What you will do:
Word for word, transcribe the data below from the line with "locked (at -22.9108" to the line with "(at -28.48 1.27", keeping both of those lines.

Supplied information:
- - - - -

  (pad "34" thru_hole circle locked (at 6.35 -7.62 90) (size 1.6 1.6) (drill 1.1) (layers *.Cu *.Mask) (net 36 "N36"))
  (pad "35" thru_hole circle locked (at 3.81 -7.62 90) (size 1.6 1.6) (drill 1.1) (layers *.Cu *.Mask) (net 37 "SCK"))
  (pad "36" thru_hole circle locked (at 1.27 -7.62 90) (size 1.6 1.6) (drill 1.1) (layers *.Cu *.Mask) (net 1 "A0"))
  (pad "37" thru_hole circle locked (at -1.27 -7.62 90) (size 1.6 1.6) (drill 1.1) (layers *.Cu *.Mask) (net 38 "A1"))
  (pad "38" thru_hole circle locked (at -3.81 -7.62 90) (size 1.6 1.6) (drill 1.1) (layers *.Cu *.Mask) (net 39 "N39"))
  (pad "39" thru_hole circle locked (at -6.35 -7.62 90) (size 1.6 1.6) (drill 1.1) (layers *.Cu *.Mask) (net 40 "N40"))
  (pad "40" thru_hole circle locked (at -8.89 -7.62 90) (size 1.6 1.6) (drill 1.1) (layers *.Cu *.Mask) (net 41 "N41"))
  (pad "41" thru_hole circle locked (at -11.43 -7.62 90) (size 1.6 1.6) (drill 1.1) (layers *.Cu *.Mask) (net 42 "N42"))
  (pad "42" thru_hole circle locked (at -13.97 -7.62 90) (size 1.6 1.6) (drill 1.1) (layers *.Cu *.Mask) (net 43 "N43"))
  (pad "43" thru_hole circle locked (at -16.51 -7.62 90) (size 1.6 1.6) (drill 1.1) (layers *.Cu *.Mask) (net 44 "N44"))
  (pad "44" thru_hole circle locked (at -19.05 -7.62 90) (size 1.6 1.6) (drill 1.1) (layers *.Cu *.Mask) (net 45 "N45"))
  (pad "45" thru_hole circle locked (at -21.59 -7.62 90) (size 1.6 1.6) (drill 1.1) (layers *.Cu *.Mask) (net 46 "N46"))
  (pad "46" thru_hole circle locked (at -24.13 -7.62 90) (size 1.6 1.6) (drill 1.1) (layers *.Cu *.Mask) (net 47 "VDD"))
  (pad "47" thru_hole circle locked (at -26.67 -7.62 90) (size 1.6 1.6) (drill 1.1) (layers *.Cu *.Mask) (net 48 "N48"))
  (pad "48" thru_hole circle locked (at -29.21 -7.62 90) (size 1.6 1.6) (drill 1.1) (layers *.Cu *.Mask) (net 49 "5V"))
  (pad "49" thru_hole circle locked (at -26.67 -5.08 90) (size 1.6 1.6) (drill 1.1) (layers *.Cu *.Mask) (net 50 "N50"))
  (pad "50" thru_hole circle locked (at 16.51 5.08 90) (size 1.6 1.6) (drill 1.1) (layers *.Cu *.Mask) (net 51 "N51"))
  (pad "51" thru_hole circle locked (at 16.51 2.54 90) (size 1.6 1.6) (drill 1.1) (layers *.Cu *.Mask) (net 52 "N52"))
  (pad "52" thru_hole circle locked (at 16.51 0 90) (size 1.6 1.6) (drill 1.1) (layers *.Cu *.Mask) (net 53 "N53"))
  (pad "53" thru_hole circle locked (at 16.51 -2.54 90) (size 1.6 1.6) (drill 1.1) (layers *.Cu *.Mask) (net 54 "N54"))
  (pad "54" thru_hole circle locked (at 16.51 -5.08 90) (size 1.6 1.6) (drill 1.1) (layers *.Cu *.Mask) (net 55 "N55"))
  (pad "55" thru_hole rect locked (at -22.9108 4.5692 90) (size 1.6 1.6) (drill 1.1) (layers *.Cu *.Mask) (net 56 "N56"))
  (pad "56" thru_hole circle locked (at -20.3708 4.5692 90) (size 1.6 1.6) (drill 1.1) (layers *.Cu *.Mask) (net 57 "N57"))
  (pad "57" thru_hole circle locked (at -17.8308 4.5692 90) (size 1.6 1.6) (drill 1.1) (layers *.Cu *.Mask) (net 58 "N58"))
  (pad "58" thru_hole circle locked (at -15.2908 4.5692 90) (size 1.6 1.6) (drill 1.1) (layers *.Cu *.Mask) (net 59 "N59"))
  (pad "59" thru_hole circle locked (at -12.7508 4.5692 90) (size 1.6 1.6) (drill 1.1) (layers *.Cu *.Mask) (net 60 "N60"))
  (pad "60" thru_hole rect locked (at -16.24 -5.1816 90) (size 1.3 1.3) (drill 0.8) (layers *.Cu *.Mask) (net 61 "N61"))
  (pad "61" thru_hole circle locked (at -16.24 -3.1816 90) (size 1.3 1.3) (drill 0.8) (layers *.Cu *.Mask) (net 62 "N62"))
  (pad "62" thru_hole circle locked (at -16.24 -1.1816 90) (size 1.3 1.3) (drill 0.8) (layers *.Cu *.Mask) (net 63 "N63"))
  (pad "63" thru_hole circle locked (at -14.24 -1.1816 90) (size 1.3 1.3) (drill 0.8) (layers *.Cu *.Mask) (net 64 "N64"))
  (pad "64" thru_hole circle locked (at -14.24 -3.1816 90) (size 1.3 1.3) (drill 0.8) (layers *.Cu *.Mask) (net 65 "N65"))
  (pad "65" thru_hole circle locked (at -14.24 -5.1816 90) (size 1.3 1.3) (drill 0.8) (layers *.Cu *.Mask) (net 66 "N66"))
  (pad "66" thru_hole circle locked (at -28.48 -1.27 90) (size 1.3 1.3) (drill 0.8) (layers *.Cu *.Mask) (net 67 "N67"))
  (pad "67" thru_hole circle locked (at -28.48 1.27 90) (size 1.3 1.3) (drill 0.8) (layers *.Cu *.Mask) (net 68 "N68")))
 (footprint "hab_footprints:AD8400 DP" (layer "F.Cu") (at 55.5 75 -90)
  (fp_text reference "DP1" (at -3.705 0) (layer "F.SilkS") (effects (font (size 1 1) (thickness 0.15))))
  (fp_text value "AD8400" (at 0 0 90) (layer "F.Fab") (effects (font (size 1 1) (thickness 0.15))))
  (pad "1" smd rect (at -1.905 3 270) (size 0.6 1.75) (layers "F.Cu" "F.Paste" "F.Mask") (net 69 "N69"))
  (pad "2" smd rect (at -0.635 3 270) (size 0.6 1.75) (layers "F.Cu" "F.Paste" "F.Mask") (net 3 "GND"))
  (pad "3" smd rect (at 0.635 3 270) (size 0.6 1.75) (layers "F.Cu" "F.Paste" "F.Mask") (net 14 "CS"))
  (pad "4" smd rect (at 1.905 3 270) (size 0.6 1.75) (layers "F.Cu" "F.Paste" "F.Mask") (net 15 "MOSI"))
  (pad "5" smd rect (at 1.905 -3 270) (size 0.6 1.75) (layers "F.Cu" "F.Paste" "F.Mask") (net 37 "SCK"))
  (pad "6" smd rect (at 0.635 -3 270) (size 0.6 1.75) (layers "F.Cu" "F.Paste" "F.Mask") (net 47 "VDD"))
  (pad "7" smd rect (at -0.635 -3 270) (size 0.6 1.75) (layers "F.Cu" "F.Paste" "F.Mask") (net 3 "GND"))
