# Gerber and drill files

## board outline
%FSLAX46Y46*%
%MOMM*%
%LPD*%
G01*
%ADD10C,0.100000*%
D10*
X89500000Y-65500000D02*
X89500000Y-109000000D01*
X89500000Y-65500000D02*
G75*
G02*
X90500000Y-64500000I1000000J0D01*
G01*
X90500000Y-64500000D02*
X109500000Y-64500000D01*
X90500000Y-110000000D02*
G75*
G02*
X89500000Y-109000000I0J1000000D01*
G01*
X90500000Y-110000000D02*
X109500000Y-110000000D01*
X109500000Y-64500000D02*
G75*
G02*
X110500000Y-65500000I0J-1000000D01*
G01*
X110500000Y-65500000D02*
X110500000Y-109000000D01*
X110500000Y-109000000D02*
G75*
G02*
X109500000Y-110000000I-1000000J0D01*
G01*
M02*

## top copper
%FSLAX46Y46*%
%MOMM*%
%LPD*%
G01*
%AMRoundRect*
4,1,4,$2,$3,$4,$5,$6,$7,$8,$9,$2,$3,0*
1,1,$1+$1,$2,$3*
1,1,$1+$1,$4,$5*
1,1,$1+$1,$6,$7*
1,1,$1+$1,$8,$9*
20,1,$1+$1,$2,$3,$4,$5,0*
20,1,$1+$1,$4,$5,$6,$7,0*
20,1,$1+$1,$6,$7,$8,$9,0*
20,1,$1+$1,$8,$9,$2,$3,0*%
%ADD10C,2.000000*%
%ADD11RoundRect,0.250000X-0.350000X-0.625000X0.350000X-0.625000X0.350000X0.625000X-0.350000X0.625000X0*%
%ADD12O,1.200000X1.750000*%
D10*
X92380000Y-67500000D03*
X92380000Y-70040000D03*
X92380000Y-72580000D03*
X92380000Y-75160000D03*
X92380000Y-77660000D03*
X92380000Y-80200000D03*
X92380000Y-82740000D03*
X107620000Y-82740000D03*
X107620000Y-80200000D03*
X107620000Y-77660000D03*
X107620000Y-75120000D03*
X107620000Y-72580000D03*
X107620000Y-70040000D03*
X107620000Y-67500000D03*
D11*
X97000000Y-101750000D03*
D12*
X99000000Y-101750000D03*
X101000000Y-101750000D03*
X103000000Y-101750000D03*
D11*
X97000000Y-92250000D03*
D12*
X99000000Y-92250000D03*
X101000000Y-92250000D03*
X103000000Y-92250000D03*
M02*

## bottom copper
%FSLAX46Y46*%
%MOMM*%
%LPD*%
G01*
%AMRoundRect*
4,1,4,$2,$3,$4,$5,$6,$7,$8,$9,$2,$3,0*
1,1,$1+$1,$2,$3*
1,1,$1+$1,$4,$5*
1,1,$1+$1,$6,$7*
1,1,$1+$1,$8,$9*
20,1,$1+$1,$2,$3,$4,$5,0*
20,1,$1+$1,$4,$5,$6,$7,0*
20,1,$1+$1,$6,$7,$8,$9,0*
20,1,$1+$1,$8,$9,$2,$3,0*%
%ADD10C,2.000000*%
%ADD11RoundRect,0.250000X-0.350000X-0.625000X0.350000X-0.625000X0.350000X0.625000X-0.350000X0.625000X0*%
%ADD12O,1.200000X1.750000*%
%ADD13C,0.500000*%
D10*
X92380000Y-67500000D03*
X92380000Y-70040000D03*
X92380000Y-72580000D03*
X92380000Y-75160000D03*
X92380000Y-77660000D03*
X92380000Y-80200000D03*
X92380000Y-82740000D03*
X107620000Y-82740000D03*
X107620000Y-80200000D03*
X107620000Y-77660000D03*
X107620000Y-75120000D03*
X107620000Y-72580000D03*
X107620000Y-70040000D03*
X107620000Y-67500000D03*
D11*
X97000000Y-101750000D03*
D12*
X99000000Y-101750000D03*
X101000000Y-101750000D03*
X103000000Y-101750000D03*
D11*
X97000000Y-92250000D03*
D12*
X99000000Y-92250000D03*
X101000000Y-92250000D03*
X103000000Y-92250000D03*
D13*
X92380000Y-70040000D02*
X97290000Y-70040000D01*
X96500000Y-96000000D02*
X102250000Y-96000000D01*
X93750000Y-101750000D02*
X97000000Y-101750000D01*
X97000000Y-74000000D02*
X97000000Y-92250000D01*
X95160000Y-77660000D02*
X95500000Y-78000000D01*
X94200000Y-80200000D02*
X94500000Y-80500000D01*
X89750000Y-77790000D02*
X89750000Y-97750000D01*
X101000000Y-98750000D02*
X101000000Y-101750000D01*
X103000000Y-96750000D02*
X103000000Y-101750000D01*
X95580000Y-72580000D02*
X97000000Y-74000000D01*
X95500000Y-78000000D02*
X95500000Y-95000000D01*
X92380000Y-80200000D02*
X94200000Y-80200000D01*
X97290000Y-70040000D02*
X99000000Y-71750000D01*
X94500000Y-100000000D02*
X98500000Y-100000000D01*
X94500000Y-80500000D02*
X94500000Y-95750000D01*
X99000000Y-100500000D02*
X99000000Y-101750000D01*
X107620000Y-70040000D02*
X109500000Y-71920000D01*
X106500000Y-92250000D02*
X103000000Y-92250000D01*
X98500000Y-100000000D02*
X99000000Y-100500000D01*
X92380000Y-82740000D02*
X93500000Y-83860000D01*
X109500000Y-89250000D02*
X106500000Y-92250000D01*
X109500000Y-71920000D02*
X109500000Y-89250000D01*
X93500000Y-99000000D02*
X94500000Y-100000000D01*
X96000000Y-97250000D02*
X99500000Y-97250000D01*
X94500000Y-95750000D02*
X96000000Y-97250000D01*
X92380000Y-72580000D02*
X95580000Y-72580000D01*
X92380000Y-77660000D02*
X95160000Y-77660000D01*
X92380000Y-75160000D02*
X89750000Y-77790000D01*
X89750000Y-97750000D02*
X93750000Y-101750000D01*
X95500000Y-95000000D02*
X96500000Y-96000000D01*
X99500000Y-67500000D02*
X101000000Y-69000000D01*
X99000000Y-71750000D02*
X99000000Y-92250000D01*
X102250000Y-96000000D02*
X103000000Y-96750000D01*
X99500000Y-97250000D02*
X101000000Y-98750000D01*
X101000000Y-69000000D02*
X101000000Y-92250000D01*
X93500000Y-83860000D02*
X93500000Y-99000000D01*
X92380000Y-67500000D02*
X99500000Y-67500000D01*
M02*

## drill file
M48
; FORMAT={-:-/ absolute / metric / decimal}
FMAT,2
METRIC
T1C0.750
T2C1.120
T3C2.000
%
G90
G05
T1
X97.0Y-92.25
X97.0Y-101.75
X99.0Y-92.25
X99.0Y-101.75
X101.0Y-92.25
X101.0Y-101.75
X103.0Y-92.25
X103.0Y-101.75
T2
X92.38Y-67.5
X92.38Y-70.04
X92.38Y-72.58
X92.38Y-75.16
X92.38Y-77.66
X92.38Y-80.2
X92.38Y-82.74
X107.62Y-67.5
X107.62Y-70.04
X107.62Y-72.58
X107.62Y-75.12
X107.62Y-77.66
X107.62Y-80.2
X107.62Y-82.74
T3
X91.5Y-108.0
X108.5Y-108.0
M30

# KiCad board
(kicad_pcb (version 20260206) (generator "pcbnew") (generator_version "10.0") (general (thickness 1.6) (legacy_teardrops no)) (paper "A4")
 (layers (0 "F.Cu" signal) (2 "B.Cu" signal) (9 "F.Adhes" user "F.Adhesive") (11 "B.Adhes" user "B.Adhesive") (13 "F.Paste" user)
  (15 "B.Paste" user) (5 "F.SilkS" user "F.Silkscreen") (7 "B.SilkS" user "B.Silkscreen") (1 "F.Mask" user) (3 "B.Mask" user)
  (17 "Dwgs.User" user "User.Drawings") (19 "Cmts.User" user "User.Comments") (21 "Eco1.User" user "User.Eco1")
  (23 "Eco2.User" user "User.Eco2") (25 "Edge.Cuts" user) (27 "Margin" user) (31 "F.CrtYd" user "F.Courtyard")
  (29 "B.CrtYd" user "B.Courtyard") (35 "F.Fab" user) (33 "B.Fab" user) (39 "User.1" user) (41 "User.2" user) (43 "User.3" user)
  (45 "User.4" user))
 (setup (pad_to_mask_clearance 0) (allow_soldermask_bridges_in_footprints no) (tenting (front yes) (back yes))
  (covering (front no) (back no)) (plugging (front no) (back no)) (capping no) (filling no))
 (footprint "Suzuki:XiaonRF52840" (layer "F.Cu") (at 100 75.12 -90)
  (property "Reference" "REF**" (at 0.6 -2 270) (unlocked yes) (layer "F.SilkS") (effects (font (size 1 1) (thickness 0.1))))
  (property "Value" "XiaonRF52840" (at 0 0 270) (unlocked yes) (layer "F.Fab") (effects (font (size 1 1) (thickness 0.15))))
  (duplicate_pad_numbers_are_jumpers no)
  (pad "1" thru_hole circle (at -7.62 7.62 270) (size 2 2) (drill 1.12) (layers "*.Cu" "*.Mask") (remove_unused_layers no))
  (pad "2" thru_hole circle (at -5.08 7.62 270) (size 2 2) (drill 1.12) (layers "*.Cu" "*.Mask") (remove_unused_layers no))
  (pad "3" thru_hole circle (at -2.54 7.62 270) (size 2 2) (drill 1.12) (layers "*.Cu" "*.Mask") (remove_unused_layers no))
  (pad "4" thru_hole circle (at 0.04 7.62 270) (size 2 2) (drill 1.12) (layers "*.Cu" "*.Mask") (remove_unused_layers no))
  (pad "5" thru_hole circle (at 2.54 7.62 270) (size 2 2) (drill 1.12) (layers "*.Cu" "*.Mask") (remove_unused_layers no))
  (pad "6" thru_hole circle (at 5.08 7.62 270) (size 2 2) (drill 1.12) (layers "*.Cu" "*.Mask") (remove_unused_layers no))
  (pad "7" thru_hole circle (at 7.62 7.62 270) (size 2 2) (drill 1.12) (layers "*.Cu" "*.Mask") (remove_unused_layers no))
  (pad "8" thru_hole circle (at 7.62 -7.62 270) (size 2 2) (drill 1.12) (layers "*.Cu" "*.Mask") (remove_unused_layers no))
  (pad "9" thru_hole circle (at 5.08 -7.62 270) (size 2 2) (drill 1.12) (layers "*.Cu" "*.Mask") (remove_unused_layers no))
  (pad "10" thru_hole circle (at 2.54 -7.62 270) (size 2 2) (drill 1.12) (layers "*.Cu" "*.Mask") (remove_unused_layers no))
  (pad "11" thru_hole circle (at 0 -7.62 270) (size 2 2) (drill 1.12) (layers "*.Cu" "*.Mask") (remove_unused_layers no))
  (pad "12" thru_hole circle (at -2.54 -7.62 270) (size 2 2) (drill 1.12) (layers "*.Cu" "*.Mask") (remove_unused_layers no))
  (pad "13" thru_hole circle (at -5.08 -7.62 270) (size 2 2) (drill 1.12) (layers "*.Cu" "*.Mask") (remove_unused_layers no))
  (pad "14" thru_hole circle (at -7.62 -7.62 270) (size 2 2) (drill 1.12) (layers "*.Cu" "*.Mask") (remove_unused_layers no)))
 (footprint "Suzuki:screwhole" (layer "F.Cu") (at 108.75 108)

- - - - -

Expected output:
  (pad "55" thru_hole rect locked (at -22.9108 4.5692 90) (size 1.6 1.6) (drill 1.1) (layers *.Cu *.Mask) (net 56 "N56"))
  (pad "56" thru_hole circle locked (at -20.3708 4.5692 90) (size 1.6 1.6) (drill 1.1) (layers *.Cu *.Mask) (net 57 "N57"))
  (pad "57" thru_hole circle locked (at -17.8308 4.5692 90) (size 1.6 1.6) (drill 1.1) (layers *.Cu *.Mask) (net 58 "N58"))
  (pad "58" thru_hole circle locked (at -15.2908 4.5692 90) (size 1.6 1.6) (drill 1.1) (layers *.Cu *.Mask) (net 59 "N59"))
  (pad "59" thru_hole circle locked (at -12.7508 4.5692 90) (size 1.6 1.6) (drill 1.1) (layers *.Cu *.Mask) (net 60 "N60"))
  (pad "60" thru_hole rect locked (at -16.24 -5.1816 90) (size 1.3 1.3) (drill 0.8) (layers *.Cu *.Mask) (net 61 "N61"))
  (pad "61" thru_hole circle locked (at -16.24 -3.1816 90) (size 1.3 1.3) (drill 0.8) (layers *.Cu *.Mask) (net 62 "N62"))
  (pad "62" thru_hole circle locked (at -16.24 -1.1816 90) (size 1.3 1.3) (drill 0.8) (layers *.Cu *.Mask) (net 63 "N63"))
  (pad "63" thru_hole circle locked (at -14.24 -1.1816 90) (size 1.3 1.3) (drill 0.8) (layers *.Cu *.Mask) (net 64 "N64"))
  (pad "64" thru_hole circle locked (at -14.24 -3.1816 90) (size 1.3 1.3) (drill 0.8) (layers *.Cu *.Mask) (net 65 "N65"))
  (pad "65" thru_hole circle locked (at -14.24 -5.1816 90) (size 1.3 1.3) (drill 0.8) (layers *.Cu *.Mask) (net 66 "N66"))
  (pad "66" thru_hole circle locked (at -28.48 -1.27 90) (size 1.3 1.3) (drill 0.8) (layers *.Cu *.Mask) (net 67 "N67"))
  (pad "67" thru_hole circle locked (at -28.48 1.27 90) (size 1.3 1.3) (drill 0.8) (layers *.Cu *.Mask) (net 68 "N68")))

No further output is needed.